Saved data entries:
※

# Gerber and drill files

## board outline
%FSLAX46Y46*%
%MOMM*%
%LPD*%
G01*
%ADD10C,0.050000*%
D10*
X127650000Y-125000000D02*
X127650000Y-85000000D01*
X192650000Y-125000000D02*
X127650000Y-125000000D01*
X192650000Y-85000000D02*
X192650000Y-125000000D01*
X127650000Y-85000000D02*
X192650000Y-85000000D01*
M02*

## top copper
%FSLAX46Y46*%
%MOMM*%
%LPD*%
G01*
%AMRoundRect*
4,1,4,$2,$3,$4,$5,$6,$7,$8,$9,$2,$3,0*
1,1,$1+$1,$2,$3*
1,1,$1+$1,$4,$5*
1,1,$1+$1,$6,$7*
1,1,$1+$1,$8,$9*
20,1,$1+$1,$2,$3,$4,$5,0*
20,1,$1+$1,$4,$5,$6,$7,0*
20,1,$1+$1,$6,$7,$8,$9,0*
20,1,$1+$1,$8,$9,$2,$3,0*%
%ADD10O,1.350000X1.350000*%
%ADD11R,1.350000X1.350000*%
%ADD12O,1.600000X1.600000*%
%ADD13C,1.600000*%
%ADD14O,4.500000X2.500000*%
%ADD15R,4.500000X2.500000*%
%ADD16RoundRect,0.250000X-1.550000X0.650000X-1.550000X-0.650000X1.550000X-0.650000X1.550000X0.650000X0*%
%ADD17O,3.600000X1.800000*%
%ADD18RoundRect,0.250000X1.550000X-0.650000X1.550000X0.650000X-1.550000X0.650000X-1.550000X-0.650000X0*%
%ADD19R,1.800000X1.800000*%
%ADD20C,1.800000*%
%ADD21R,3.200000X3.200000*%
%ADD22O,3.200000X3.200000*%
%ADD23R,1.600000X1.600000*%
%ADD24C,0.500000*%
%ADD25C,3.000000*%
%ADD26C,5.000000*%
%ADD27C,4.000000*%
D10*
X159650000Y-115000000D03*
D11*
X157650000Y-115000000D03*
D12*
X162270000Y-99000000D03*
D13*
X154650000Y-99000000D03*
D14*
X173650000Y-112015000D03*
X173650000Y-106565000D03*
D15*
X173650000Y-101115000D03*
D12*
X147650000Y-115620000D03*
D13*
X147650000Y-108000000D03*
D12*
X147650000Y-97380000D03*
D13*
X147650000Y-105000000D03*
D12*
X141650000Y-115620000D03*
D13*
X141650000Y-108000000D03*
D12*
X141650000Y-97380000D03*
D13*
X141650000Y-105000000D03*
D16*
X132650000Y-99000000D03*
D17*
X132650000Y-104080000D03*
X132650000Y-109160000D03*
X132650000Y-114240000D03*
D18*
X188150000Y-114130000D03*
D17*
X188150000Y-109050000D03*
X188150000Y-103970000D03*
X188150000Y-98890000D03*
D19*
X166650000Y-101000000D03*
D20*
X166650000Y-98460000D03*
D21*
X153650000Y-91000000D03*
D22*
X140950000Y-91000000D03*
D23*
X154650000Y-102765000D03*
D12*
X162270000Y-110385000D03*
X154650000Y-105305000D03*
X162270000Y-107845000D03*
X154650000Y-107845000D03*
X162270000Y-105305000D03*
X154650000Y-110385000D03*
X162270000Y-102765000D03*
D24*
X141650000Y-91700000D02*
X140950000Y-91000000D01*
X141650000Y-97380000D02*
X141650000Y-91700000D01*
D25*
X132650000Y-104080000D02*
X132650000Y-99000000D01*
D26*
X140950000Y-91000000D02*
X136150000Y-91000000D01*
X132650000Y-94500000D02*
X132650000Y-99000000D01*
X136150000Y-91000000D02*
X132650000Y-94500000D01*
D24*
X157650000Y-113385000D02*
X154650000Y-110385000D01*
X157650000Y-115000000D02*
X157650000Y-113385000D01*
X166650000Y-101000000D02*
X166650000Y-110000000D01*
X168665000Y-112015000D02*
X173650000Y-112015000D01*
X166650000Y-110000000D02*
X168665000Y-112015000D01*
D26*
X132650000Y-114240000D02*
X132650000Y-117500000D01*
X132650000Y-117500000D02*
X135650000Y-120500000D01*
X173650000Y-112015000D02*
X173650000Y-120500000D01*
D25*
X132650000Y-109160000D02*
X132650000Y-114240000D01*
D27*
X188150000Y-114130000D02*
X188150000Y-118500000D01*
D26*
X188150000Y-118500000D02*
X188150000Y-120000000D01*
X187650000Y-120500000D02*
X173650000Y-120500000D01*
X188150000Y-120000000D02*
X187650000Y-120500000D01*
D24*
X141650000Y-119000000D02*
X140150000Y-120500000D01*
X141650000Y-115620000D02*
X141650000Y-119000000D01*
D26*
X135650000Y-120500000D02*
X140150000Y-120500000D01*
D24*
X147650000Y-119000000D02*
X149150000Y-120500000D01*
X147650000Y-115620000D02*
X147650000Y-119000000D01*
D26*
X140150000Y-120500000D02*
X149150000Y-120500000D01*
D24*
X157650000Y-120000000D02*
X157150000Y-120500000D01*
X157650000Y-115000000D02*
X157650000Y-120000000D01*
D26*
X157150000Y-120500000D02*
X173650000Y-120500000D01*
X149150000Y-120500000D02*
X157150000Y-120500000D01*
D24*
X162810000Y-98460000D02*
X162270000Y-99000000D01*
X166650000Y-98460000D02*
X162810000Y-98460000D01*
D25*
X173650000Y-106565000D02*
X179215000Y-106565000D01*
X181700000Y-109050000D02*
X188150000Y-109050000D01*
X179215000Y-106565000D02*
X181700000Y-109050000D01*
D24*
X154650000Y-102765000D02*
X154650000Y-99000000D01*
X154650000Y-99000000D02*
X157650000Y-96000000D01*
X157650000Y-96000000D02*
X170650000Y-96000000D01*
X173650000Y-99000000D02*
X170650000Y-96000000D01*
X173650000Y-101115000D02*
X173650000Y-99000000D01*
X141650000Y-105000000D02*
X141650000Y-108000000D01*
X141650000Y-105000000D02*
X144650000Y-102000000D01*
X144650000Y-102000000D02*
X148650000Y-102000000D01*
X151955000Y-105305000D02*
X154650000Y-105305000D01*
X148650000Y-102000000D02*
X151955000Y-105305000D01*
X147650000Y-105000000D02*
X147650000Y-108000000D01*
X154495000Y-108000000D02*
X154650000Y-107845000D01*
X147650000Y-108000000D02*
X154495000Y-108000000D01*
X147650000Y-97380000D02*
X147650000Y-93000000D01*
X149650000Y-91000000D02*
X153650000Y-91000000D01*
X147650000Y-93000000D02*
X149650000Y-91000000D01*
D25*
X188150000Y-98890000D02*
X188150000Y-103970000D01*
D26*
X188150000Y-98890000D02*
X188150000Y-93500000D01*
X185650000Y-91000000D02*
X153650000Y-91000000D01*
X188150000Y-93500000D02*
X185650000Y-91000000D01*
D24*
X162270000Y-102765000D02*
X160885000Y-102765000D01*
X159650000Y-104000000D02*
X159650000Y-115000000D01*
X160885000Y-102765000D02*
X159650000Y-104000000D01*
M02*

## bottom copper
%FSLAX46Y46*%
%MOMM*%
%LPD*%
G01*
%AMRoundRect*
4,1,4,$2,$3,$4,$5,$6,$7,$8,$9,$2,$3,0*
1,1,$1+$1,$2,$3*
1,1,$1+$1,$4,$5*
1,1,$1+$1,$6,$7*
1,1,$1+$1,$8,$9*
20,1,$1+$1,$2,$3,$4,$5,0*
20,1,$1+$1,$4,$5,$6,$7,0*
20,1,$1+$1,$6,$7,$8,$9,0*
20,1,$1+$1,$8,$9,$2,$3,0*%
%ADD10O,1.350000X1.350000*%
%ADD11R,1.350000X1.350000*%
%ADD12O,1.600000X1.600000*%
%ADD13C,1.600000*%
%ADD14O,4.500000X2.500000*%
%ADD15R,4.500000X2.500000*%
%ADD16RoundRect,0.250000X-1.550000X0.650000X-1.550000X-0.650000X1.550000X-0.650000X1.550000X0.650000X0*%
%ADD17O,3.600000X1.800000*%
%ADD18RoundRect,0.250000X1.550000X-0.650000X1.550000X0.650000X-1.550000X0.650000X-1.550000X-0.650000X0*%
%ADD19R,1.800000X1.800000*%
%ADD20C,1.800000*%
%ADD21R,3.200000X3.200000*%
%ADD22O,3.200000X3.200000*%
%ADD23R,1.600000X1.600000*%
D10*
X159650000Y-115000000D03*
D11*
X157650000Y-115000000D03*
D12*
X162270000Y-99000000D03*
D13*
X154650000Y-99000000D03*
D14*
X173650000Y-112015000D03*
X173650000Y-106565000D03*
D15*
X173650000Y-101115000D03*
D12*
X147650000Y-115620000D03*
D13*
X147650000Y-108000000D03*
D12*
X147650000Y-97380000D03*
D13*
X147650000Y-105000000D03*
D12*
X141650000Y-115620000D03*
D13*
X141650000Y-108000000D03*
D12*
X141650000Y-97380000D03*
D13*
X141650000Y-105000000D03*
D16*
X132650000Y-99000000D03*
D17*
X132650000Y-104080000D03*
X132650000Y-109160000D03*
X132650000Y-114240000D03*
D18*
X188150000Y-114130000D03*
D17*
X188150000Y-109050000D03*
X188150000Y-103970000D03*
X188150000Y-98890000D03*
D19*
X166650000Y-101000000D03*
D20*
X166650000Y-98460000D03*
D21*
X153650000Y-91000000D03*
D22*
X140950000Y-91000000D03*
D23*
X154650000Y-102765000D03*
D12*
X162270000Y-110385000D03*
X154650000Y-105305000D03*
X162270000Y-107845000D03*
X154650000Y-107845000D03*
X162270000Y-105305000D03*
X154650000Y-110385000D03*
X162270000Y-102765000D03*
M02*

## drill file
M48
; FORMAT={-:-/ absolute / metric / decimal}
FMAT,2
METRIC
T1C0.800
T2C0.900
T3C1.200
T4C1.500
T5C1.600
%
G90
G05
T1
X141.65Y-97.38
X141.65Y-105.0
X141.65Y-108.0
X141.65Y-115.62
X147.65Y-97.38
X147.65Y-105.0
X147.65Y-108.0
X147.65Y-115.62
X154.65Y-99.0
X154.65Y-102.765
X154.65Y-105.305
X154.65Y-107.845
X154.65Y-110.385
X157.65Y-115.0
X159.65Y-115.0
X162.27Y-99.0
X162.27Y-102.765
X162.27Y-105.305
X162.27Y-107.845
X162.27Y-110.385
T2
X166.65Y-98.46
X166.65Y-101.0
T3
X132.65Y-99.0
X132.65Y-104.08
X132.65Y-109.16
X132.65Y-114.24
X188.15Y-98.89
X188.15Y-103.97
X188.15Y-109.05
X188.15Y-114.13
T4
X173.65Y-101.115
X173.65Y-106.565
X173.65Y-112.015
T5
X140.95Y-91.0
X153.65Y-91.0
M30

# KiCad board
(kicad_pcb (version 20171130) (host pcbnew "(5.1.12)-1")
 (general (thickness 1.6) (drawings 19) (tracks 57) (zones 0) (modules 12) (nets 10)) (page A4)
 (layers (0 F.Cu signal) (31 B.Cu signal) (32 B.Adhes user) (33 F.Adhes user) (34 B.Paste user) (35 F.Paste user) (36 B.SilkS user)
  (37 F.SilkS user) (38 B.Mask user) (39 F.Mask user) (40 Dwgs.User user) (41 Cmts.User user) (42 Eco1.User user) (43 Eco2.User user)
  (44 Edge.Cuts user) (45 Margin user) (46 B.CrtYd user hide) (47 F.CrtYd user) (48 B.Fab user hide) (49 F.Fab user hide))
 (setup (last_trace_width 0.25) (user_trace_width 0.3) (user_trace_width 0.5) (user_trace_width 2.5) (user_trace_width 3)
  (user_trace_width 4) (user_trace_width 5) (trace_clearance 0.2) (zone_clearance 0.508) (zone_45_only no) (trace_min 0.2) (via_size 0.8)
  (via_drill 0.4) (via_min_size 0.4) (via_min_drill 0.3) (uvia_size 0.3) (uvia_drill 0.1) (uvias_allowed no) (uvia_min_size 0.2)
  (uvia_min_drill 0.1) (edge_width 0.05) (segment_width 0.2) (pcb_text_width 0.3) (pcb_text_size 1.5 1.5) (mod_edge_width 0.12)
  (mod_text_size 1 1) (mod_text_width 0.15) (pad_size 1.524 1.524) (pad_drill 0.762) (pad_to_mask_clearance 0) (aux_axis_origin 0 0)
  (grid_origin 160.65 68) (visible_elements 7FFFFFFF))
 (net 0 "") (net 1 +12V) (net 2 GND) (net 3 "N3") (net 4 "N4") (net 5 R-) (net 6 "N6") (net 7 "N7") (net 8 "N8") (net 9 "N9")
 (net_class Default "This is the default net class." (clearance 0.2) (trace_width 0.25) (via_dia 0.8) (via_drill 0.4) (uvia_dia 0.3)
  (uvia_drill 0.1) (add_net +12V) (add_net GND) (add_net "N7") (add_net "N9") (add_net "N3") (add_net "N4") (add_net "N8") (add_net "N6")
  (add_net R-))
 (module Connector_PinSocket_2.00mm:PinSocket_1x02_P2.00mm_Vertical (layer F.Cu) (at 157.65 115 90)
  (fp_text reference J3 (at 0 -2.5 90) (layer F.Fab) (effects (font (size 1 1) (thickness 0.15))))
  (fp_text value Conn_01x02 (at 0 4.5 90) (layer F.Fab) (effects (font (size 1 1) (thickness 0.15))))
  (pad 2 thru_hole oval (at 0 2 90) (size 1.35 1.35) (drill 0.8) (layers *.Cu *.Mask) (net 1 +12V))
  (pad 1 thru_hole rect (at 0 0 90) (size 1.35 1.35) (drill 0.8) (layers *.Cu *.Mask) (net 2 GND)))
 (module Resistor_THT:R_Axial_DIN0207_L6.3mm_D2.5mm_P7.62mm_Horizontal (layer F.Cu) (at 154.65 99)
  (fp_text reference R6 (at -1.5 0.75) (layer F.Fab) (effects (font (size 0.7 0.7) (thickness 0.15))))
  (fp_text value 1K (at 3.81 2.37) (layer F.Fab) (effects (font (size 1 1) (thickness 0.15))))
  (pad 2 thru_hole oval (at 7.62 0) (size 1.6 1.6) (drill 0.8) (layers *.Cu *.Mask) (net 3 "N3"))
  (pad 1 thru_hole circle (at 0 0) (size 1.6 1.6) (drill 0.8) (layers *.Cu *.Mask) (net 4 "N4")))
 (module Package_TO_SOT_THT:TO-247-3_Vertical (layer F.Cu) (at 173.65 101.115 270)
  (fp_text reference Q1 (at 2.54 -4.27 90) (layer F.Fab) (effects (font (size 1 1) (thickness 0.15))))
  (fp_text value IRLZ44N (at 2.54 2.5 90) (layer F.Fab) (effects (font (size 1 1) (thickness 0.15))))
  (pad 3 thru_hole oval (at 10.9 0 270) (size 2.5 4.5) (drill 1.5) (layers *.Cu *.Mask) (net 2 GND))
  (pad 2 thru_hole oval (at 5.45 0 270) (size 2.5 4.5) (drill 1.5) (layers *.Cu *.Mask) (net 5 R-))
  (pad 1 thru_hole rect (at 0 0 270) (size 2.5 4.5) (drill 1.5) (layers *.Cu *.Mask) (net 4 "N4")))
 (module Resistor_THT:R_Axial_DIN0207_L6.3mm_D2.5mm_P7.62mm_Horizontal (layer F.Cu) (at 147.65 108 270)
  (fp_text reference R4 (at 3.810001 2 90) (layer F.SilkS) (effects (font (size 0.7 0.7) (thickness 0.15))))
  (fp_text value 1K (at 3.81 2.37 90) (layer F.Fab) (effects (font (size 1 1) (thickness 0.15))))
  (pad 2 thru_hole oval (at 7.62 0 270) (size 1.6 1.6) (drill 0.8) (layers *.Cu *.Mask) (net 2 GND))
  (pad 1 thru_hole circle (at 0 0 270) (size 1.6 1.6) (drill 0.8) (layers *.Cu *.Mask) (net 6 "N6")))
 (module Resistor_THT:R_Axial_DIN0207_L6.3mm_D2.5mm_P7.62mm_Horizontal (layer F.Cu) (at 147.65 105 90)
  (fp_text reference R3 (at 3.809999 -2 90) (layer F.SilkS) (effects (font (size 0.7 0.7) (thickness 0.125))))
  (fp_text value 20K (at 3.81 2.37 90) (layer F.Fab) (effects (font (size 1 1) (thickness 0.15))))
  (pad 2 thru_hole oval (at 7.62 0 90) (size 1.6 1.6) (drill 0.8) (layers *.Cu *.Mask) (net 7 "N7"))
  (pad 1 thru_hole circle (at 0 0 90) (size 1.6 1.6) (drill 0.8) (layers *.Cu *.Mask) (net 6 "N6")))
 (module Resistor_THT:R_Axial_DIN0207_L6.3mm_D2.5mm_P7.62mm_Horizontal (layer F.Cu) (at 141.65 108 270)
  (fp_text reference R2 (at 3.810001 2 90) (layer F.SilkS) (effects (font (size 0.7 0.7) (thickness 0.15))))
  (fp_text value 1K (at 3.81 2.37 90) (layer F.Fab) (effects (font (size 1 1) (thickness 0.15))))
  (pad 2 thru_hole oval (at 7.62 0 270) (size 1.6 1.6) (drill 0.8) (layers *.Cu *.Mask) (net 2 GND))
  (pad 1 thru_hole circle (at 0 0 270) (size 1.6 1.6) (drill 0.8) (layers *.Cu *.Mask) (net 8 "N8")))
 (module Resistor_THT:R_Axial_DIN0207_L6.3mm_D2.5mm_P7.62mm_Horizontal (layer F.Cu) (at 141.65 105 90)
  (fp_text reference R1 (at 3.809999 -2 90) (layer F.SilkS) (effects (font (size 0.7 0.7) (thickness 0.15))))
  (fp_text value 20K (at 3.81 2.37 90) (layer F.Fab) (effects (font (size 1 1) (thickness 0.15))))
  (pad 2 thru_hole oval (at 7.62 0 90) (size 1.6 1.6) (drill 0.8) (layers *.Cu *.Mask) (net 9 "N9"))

※

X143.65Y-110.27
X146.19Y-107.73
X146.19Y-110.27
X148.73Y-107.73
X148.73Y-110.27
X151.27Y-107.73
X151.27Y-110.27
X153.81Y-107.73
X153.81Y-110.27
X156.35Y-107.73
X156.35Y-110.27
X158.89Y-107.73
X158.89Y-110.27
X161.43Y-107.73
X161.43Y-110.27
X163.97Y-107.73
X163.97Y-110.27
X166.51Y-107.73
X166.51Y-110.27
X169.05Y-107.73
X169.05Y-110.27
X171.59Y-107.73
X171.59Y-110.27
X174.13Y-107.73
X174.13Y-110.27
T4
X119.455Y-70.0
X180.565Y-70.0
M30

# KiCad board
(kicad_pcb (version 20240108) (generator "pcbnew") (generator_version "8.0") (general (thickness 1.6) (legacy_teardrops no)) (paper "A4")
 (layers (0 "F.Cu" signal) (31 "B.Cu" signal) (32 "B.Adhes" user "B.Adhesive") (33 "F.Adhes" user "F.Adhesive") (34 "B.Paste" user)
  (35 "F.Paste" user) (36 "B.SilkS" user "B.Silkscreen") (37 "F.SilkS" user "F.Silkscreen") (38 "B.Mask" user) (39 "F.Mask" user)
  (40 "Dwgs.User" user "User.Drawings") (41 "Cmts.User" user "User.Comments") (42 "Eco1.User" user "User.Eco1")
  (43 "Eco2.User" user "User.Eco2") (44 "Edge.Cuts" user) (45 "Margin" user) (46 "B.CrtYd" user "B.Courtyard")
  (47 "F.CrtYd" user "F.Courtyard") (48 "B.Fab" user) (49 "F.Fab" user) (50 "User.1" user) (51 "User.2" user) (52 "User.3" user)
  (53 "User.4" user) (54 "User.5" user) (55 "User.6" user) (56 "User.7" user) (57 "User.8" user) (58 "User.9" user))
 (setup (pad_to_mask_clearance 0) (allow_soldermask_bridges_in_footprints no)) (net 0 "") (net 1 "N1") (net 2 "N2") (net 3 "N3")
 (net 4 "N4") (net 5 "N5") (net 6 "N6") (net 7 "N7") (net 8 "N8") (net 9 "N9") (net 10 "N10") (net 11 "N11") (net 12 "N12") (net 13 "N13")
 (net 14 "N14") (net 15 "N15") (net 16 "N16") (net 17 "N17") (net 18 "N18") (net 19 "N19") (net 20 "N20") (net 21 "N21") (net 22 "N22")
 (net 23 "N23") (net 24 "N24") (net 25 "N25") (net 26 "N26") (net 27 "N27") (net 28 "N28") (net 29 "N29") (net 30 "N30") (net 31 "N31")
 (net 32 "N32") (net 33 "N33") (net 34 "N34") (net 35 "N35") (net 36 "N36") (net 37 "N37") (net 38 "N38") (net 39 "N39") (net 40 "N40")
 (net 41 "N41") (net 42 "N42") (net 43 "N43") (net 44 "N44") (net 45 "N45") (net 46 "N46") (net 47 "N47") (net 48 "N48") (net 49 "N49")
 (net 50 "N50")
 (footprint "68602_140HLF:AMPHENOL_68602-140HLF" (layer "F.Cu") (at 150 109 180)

※

**The task:**
Return every line of the data above in which "Paste" appears.

**Task result:**
 (layers (0 F.Cu signal) (31 B.Cu signal) (32 B.Adhes user) (33 F.Adhes user) (34 B.Paste user) (35 F.Paste user) (36 B.SilkS user)
 (layers (0 "F.Cu" signal) (31 "B.Cu" signal) (32 "B.Adhes" user "B.Adhesive") (33 "F.Adhes" user "F.Adhesive") (34 "B.Paste" user)
  (35 "F.Paste" user) (36 "B.SilkS" user "B.Silkscreen") (37 "F.SilkS" user "F.Silkscreen") (38 "B.Mask" user) (39 "F.Mask" user)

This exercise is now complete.